*** RECORDED DATA Section Begins ***

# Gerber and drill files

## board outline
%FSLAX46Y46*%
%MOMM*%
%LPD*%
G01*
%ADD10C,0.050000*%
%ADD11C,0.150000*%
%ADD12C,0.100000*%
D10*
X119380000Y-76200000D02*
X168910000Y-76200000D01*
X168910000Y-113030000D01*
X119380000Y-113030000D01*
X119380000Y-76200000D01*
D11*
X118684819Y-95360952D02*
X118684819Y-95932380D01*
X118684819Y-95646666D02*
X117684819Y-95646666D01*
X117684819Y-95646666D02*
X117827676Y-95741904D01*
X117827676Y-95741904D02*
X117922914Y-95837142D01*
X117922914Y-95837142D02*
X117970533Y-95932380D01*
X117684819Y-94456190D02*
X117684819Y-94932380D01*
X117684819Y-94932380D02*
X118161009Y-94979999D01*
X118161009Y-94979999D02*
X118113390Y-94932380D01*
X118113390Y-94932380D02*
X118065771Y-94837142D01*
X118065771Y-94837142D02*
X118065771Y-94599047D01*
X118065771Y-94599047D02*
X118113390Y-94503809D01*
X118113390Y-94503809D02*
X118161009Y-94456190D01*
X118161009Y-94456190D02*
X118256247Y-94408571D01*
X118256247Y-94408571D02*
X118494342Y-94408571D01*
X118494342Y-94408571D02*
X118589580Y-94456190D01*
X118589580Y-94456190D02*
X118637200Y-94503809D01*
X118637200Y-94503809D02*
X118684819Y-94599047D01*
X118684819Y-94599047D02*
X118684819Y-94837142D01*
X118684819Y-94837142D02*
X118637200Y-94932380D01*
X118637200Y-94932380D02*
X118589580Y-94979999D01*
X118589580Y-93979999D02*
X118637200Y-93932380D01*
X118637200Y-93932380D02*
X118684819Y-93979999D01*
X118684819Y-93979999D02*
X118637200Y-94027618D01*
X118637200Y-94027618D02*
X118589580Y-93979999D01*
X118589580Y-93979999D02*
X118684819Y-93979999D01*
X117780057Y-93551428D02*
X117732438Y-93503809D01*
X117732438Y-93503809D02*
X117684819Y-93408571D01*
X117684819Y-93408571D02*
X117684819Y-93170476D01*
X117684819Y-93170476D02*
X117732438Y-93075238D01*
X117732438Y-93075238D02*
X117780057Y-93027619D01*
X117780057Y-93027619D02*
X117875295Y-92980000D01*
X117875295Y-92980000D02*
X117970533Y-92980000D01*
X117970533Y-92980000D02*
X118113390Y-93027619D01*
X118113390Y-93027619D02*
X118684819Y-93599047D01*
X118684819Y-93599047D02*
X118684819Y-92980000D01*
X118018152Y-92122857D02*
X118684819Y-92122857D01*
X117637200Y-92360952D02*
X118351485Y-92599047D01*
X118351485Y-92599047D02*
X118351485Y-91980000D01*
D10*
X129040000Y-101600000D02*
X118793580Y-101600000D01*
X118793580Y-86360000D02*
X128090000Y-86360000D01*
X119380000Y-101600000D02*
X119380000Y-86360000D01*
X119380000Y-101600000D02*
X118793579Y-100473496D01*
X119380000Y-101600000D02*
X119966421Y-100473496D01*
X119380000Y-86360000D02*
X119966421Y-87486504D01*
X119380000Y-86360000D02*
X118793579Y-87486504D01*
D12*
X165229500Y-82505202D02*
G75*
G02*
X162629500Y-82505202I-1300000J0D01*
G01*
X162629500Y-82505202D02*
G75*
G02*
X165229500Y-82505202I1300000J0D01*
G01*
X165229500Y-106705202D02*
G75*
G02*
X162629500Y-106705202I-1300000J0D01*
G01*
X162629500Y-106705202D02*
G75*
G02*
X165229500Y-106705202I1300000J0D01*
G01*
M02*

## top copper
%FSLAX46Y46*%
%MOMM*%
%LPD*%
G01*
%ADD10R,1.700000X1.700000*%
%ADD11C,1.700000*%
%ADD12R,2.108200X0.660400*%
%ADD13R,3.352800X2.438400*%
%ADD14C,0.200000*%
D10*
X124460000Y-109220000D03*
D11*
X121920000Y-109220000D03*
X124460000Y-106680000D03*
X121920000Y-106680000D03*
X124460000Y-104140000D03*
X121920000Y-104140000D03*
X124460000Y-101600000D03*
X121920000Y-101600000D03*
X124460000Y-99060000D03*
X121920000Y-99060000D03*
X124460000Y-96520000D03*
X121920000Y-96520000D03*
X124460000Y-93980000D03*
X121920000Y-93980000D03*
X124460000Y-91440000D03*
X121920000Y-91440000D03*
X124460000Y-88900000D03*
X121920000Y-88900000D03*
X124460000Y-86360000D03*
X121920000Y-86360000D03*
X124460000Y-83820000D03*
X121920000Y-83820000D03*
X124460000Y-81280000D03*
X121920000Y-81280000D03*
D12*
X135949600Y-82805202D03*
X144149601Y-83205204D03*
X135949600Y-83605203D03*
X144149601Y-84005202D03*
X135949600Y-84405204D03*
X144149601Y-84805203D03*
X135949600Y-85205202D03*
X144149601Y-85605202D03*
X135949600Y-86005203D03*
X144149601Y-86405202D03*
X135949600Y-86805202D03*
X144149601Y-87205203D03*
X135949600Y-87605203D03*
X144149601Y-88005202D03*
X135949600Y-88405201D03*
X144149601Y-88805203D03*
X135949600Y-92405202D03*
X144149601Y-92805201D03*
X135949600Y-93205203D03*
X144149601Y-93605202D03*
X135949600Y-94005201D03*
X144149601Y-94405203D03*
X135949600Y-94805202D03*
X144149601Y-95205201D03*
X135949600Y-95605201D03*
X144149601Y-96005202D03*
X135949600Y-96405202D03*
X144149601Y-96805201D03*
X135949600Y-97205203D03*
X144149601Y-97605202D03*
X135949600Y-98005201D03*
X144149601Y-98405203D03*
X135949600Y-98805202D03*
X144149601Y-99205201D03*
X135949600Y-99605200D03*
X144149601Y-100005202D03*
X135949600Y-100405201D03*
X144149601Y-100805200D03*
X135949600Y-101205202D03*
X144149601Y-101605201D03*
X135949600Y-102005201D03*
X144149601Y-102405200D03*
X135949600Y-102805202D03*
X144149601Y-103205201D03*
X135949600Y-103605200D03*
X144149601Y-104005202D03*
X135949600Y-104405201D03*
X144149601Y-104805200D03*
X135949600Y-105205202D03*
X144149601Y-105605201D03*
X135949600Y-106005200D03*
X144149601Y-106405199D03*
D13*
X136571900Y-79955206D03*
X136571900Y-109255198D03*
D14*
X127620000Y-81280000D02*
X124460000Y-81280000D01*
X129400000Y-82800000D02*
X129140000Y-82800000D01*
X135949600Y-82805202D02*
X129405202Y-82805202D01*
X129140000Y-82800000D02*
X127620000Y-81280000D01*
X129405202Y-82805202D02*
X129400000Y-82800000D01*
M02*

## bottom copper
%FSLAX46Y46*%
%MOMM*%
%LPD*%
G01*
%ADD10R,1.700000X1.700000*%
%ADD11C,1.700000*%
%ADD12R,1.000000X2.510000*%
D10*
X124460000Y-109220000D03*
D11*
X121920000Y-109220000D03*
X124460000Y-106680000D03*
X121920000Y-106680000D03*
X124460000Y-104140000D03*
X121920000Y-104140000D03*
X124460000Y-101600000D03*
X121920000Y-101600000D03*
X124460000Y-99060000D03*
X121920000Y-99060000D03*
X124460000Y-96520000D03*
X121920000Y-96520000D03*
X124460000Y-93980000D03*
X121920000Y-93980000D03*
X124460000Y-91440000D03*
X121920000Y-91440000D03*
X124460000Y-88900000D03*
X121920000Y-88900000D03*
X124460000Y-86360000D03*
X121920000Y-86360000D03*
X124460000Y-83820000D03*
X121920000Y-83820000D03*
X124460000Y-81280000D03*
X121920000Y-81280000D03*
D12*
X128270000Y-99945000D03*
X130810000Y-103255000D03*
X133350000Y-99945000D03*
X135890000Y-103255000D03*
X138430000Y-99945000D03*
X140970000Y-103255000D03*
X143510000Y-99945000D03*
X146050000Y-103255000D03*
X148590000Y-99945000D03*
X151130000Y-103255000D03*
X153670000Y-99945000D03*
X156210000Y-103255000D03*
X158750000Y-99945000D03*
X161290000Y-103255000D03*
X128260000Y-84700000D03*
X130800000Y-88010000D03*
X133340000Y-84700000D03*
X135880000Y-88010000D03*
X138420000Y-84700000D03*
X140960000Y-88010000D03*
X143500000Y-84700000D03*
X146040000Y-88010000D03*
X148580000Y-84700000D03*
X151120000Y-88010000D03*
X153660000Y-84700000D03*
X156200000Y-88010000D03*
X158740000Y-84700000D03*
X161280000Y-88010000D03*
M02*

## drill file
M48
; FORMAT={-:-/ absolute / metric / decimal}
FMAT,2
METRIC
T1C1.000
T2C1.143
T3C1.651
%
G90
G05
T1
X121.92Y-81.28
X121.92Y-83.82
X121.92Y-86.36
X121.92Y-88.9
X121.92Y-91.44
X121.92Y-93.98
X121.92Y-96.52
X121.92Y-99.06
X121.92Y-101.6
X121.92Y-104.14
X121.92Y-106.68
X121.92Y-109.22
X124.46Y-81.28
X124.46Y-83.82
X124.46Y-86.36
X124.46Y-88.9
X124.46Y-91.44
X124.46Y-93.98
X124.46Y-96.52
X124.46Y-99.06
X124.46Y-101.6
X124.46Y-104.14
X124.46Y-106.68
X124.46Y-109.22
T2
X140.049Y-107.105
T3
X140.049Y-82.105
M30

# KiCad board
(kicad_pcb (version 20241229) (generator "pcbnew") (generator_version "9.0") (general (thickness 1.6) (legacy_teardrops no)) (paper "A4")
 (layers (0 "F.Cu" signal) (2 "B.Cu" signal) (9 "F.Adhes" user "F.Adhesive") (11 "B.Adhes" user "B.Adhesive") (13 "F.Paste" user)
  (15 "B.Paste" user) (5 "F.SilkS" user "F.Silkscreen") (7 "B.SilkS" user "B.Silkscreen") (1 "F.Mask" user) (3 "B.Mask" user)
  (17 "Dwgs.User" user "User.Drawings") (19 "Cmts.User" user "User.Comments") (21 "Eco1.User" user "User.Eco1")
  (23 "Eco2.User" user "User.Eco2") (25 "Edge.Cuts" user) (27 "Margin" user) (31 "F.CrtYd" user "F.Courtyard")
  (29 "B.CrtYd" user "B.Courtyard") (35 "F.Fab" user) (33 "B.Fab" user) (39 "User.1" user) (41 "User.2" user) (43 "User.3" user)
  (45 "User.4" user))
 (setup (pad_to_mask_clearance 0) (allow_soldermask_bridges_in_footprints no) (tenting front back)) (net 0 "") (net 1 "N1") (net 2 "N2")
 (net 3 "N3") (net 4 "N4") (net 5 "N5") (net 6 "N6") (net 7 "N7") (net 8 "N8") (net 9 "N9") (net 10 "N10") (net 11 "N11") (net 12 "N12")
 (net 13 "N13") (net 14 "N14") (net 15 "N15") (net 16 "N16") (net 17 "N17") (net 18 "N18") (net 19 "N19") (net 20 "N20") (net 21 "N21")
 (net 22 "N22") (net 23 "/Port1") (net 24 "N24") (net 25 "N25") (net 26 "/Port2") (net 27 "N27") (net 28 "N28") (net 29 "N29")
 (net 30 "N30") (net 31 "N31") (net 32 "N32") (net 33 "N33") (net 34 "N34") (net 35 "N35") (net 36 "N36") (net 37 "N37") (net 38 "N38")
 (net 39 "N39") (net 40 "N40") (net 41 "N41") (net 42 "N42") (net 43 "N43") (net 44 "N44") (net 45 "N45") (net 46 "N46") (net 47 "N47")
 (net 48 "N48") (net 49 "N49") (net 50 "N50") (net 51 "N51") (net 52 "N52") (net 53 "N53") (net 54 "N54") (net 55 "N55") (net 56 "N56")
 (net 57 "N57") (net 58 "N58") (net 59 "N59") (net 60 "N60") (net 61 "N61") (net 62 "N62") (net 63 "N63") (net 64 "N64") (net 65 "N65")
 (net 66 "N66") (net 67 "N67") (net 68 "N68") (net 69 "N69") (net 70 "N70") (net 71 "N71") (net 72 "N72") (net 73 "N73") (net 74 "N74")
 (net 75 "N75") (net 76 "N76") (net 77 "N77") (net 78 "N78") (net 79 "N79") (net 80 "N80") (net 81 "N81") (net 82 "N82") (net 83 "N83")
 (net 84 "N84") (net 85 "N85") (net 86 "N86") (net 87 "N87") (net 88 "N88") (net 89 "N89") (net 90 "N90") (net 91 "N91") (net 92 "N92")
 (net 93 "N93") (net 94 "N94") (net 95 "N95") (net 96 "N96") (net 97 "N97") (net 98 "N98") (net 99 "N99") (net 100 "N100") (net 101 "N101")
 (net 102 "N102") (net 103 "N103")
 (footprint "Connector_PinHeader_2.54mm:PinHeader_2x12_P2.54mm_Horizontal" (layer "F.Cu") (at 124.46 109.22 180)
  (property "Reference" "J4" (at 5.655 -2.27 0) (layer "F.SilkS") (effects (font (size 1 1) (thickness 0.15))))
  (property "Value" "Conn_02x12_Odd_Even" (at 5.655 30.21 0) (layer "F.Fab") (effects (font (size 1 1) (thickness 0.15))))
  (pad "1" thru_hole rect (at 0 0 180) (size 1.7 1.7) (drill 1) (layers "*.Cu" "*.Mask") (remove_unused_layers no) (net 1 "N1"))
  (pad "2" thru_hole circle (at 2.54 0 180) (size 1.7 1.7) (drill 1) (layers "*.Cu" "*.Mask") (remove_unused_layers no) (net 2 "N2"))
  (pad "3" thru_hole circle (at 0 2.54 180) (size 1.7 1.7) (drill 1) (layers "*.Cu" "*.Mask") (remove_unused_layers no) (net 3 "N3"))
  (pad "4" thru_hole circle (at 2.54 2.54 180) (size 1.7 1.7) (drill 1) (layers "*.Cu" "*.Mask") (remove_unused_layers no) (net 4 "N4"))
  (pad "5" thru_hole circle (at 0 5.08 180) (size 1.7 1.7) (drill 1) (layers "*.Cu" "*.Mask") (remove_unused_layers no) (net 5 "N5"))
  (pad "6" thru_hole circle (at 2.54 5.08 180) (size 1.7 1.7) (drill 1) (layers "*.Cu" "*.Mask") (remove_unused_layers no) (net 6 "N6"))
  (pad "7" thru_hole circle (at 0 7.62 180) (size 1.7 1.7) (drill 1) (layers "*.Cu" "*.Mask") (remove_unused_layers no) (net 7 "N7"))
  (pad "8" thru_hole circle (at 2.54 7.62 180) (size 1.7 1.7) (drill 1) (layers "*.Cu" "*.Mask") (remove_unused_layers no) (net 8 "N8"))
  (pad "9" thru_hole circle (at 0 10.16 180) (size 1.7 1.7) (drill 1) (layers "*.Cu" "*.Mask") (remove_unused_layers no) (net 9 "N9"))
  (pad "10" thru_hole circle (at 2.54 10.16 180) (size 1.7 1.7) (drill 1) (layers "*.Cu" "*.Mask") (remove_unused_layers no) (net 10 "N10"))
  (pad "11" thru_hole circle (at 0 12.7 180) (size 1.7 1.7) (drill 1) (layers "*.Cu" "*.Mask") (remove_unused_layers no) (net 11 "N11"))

*** RECORDED DATA Section Ends ***

## INSTRUCTIONS TO FOLLOW
What is needed is every line from the start of the entries through the line containing "X118684819Y-94837142D02*", returned word for word and nothing else.

## RESPONSE
# Gerber and drill files

## board outline
%FSLAX46Y46*%
%MOMM*%
%LPD*%
G01*
%ADD10C,0.050000*%
%ADD11C,0.150000*%
%ADD12C,0.100000*%
D10*
X119380000Y-76200000D02*
X168910000Y-76200000D01*
X168910000Y-113030000D01*
X119380000Y-113030000D01*
X119380000Y-76200000D01*
D11*
X118684819Y-95360952D02*
X118684819Y-95932380D01*
X118684819Y-95646666D02*
X117684819Y-95646666D01*
X117684819Y-95646666D02*
X117827676Y-95741904D01*
X117827676Y-95741904D02*
X117922914Y-95837142D01*
X117922914Y-95837142D02*
X117970533Y-95932380D01*
X117684819Y-94456190D02*
X117684819Y-94932380D01*
X117684819Y-94932380D02*
X118161009Y-94979999D01*
X118161009Y-94979999D02*
X118113390Y-94932380D01*
X118113390Y-94932380D02*
X118065771Y-94837142D01*
X118065771Y-94837142D02*
X118065771Y-94599047D01*
X118065771Y-94599047D02*
X118113390Y-94503809D01*
X118113390Y-94503809D02*
X118161009Y-94456190D01*
X118161009Y-94456190D02*
X118256247Y-94408571D01*
X118256247Y-94408571D02*
X118494342Y-94408571D01*
X118494342Y-94408571D02*
X118589580Y-94456190D01*
X118589580Y-94456190D02*
X118637200Y-94503809D01*
X118637200Y-94503809D02*
X118684819Y-94599047D01*
X118684819Y-94599047D02*
X118684819Y-94837142D01*
X118684819Y-94837142D02*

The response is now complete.